Shop at farmer markets.  I buy my vegetables and fruits there and not at grocery stores.  Your money goes far in these stores

Opt out of convenience food - Example Rachael Ray's triple washed spinach.  Yes it saves time but why pay more for packaged ready to go products when with a little time and effort you can do it easily at home and cut the price by more than a half

I like to buy items like rice, beans and spices in bulk and from ethnic shops that are so much cheaper than a regular grocery store

The only expensive stuff or convenience food that costs some money for me are smoothies (which I like to have handy since I am poor at eating lunch) and orange juice the pure premium kind but again we are talking at the most 10 - 15 dollars for one person for them for a week 

Try to cook at home and make simple food but experiment with herbs and spices so even a low fat dish will be full of flavor.  Try to splurge on good quality fish and trimmed and clean chicken breasts for you protein intake.  They are definitely healthier than red meats and also easier on your wallet.


----------



## ratsrcute (Oct 29, 2007)

Thanks for the suggestions, everyone. There's a good local farmer's market which I should visit soon! Also a friend of mine goes to an Asian market and says they have incredible deals on vegetables. She is very poor but likes to get a few fresh artichokes every week.

I do have a nice freezer so I will try freezing single servings.

Thanks,
Mike


----------



## Green Lady (Oct 29, 2007)

Go online for Indian and Middle Eastern recipes. They are flavorful and can be made rather inexpensively.


----------



## wysiwyg (Dec 4, 2007)

ratsrcute aka Mike,
I read an article a while ago about how to live on organic healthy food with a $200/month budget. It is a bit extreme ($200/month translates into $7/day), but has good information about foods that combine proteins and other nutrients, etc.
Here is the link, enjoy it: Eating Healthy and Organic on $7 a Day - Page 1 - MSN Health & Fitness - Fitness


----------



## Hawkeye16 (Dec 14, 2007)

Good article except I have a MAJOR problem with not eating any meat. Unless you are spending another $100 a month on supplements then it is not healthy at all. 
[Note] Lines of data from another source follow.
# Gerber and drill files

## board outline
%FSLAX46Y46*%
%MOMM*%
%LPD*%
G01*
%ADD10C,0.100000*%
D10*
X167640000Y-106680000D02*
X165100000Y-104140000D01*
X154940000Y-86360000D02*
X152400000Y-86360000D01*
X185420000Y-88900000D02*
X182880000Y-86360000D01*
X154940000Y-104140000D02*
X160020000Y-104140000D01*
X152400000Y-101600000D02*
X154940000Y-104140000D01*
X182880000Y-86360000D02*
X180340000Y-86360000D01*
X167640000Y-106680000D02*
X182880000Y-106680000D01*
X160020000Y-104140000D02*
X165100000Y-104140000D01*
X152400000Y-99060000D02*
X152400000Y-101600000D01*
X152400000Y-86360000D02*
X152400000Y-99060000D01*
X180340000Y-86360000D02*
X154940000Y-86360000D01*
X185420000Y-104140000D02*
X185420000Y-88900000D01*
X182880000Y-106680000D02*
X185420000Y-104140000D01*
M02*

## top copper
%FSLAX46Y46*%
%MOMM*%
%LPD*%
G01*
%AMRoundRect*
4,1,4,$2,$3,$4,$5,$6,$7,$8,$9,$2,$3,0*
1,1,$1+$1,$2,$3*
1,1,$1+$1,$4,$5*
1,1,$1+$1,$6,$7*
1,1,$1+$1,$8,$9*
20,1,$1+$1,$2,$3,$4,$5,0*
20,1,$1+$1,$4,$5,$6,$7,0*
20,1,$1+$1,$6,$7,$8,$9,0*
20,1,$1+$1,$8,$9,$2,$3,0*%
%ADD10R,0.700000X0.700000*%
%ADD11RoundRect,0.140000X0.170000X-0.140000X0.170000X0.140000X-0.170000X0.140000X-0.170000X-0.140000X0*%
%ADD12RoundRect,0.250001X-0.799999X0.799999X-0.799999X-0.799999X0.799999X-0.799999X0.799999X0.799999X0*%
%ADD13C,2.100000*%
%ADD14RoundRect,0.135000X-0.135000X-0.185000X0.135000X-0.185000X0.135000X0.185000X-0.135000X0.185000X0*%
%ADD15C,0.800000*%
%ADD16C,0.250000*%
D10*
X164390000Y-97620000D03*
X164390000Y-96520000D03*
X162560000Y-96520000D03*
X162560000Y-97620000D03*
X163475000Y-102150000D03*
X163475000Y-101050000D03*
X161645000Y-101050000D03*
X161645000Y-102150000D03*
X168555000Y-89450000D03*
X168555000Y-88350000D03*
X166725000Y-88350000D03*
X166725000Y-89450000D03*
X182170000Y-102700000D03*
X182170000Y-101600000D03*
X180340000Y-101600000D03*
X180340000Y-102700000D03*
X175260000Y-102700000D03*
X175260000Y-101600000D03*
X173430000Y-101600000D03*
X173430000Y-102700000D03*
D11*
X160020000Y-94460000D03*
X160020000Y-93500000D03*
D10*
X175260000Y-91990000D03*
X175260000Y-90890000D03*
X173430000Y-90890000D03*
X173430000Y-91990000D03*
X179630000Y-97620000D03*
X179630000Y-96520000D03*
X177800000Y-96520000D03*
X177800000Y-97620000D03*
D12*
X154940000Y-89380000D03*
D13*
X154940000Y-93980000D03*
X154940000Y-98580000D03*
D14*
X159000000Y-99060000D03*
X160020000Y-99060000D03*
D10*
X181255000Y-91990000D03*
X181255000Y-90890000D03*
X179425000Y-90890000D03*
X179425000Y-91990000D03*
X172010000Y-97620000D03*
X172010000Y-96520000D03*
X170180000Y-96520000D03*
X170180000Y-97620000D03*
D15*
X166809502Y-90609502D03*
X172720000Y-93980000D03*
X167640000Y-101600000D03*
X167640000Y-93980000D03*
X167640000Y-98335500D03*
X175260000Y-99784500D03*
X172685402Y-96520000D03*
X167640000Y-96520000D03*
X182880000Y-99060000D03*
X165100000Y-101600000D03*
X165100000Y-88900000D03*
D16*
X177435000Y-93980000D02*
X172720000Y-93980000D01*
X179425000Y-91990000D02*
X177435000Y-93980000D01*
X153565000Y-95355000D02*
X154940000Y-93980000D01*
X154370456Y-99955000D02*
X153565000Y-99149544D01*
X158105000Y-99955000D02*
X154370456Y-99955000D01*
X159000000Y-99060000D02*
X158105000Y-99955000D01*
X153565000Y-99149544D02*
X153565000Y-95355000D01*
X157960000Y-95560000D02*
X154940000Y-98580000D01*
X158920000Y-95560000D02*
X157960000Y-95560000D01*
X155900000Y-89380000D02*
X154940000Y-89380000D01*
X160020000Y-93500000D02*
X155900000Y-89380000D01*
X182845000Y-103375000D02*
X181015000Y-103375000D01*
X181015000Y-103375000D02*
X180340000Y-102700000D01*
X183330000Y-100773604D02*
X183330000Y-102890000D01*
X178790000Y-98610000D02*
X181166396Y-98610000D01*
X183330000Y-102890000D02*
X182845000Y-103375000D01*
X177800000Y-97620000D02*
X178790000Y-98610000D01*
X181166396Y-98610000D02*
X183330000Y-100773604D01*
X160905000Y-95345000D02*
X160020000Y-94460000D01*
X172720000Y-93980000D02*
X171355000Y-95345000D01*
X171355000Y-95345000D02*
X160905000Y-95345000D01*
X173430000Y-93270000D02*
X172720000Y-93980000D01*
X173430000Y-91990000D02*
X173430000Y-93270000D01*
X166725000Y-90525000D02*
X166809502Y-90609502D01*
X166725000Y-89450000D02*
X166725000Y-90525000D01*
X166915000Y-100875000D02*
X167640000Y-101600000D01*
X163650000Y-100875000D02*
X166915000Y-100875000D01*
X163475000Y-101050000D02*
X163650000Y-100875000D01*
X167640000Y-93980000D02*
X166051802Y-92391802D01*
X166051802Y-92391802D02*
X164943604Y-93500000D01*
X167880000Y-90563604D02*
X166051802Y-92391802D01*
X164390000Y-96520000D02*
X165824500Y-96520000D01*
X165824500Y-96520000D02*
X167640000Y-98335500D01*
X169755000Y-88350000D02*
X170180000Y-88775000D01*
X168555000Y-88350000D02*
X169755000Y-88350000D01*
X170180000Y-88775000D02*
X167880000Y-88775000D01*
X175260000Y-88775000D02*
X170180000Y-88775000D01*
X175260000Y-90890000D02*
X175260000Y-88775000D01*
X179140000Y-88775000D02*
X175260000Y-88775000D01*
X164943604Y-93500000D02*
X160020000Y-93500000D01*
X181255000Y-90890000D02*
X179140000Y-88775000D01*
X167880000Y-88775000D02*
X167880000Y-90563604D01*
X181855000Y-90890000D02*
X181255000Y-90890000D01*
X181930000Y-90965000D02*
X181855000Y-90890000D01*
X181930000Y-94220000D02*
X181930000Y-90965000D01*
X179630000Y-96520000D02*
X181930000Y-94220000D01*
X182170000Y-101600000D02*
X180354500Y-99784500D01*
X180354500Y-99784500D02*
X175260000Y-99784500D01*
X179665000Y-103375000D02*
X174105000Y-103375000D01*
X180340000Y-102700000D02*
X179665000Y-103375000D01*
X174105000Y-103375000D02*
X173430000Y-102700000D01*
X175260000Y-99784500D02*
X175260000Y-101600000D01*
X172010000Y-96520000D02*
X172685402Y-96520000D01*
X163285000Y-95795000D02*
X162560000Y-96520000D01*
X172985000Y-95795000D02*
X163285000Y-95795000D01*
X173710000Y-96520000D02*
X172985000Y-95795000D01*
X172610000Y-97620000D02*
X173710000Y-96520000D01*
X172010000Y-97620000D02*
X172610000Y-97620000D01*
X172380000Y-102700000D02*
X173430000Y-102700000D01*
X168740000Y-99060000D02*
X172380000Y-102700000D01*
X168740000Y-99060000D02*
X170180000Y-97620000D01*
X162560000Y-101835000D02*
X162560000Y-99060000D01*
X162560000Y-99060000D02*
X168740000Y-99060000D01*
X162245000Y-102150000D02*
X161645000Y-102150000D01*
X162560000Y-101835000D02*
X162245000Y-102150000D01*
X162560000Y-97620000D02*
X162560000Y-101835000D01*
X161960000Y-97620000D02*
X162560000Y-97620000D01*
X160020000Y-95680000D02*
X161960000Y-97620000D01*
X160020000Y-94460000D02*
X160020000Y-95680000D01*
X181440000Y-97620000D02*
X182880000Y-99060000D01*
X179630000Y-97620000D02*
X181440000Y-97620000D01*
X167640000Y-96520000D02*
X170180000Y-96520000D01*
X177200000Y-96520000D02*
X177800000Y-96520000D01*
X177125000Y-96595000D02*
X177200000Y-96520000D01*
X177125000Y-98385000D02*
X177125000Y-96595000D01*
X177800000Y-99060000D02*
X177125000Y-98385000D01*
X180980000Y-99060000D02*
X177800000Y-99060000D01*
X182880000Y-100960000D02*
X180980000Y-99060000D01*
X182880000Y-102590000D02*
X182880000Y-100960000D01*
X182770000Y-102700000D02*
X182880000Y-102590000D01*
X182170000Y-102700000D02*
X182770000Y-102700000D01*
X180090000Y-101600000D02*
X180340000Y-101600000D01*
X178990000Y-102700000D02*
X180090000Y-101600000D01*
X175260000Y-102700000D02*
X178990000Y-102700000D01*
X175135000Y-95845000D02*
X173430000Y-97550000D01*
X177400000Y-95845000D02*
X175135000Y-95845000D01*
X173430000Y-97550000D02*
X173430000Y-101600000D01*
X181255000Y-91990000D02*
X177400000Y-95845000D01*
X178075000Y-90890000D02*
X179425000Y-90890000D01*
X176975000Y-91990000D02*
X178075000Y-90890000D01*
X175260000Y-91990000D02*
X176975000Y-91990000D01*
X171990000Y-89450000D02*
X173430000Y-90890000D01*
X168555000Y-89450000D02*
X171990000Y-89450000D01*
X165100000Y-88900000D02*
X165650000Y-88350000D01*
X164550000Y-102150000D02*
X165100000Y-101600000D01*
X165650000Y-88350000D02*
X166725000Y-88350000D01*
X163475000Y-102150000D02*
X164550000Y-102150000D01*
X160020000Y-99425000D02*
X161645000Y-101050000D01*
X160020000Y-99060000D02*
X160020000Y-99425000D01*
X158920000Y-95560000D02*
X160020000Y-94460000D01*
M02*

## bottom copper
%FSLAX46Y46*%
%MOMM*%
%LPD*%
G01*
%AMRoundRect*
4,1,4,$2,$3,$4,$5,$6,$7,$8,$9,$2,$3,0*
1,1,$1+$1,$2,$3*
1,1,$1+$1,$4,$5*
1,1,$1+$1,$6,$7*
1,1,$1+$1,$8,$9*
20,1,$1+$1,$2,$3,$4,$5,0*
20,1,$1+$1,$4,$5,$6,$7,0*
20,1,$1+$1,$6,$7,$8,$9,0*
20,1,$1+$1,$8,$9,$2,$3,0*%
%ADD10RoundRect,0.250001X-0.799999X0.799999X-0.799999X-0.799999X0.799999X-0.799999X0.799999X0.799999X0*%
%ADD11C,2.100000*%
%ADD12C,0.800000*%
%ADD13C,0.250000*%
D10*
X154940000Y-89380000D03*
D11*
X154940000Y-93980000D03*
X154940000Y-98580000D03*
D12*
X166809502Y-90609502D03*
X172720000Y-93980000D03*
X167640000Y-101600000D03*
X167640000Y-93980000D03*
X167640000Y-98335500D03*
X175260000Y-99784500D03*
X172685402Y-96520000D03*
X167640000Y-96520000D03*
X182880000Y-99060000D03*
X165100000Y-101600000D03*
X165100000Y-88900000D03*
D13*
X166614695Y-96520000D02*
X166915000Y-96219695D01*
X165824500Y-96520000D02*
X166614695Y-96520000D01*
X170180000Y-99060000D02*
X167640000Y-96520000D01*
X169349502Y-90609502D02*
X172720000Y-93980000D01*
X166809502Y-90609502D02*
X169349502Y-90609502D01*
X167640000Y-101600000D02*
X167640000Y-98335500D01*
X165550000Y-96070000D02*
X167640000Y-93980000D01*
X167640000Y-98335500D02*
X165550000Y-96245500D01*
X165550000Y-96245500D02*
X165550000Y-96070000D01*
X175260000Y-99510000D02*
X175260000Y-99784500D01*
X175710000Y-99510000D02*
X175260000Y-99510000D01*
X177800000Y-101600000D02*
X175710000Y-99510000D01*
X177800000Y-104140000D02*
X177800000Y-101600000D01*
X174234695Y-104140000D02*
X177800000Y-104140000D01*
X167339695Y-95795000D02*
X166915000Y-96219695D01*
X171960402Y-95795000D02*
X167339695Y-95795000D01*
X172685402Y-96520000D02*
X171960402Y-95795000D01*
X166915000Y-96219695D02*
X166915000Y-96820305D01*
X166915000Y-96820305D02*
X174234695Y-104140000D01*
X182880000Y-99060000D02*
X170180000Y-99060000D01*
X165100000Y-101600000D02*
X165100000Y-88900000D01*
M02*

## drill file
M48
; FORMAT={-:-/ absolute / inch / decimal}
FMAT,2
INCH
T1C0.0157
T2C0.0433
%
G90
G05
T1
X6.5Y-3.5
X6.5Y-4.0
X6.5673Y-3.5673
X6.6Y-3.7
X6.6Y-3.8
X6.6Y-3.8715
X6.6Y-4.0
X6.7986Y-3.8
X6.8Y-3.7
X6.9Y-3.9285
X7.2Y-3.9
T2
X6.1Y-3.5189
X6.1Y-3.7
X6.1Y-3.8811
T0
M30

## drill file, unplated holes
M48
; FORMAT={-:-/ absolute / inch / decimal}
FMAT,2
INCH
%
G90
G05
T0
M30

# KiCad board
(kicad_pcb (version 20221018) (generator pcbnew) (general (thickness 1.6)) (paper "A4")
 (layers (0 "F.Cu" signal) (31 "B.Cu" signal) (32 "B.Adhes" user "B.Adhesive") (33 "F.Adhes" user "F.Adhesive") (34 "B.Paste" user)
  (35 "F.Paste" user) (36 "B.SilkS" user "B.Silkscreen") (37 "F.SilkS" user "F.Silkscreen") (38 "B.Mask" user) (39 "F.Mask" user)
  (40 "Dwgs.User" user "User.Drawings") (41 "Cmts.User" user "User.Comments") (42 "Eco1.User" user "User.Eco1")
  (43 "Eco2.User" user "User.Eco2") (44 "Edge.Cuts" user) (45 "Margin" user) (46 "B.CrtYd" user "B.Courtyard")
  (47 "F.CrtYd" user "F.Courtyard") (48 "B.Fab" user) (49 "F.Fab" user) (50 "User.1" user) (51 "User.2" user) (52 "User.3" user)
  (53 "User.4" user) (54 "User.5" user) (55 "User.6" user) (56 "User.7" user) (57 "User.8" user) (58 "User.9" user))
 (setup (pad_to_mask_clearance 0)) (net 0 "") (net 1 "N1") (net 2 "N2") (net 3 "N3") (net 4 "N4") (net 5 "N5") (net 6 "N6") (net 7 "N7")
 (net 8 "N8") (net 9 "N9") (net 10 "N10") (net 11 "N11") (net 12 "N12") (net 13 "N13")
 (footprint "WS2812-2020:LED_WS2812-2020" (layer "F.Cu") (at 163.475 97.07)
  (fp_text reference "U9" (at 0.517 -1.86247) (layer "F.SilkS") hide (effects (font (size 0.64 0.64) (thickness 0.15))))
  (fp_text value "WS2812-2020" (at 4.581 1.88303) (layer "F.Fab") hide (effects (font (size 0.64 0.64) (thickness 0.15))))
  (pad "1" smd rect (at 0.915 0.55) (size 0.7 0.7) (layers "F.Cu" "F.Paste" "F.Mask") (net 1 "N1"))
  (pad "2" smd rect (at 0.915 -0.55) (size 0.7 0.7) (layers "F.Cu" "F.Paste" "F.Mask") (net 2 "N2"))
  (pad "3" smd rect (at -0.915 -0.55) (size 0.7 0.7) (layers "F.Cu" "F.Paste" "F.Mask") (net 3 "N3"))
  (pad "4" smd rect (at -0.915 0.55) (size 0.7 0.7) (layers "F.Cu" "F.Paste" "F.Mask") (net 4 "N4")))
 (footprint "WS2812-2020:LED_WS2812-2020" (layer "F.Cu") (at 162.56 101.6)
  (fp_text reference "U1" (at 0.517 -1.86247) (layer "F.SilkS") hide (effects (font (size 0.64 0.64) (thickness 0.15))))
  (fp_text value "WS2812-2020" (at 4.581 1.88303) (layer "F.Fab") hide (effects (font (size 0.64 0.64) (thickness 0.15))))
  (pad "1" smd rect (at 0.915 0.55) (size 0.7 0.7) (layers "F.Cu" "F.Paste" "F.Mask") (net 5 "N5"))
  (pad "2" smd rect (at 0.915 -0.55) (size 0.7 0.7) (layers "F.Cu" "F.Paste" "F.Mask") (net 2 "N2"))
  (pad "3" smd rect (at -0.915 -0.55) (size 0.7 0.7) (layers "F.Cu" "F.Paste" "F.Mask") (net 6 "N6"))
  (pad "4" smd rect (at -0.915 0.55) (size 0.7 0.7) (layers "F.Cu" "F.Paste" "F.Mask") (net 4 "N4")))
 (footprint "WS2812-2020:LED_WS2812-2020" (layer "F.Cu") (at 167.64 88.9)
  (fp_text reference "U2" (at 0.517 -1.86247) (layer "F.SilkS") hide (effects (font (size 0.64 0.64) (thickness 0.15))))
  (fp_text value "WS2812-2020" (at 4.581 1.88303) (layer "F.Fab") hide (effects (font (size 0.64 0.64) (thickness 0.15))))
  (pad "1" smd rect (at 0.915 0.55) (size 0.7 0.7) (layers "F.Cu" "F.Paste" "F.Mask") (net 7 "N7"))
  (pad "2" smd rect (at 0.915 -0.55) (size 0.7 0.7) (layers "F.Cu" "F.Paste" "F.Mask") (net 2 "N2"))
  (pad "3" smd rect (at -0.915 -0.55) (size 0.7 0.7) (layers "F.Cu" "F.Paste" "F.Mask") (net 5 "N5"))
There are good tips of eating combinations on the first page but after that it becomes what is the cheapest food we can find type debate.


----------



## wysiwyg (Dec 14, 2007)

Hawkeye16,
Meat is one of the main sources for protein, I don't see anything wrong with alternative sources.  The article is about looking for organic products on a $200/month budget.
It is a stretch, but the original question was about inexpensive healthy food.
By the way, if you are interested in a good book about diets and food, check: "Diet for a small planet", I believe is a great book on this topic.


----------



## Hawkeye16 (Dec 16, 2007)

I'll have to check it out, always up for a good book.  I understand the budget thing but I still don't think anybody on here (with a computer and internet) is so strapped as they have to cut meat out of their diet.  Meat provides more than just protein.


----------



## affable_artist (Dec 16, 2007)

Hi Mike,
I'm single and also don't like to spend too much money eating out. I prepare 3 or 4 dishes every Sunday (vegetarian) and usually spend between $60-75 a week. I also buy as much organic and / or high end ingredients as I can, but from my local grocer. I don't have the allergy hindrance that you do, so maybe that is where the extra amount comes from.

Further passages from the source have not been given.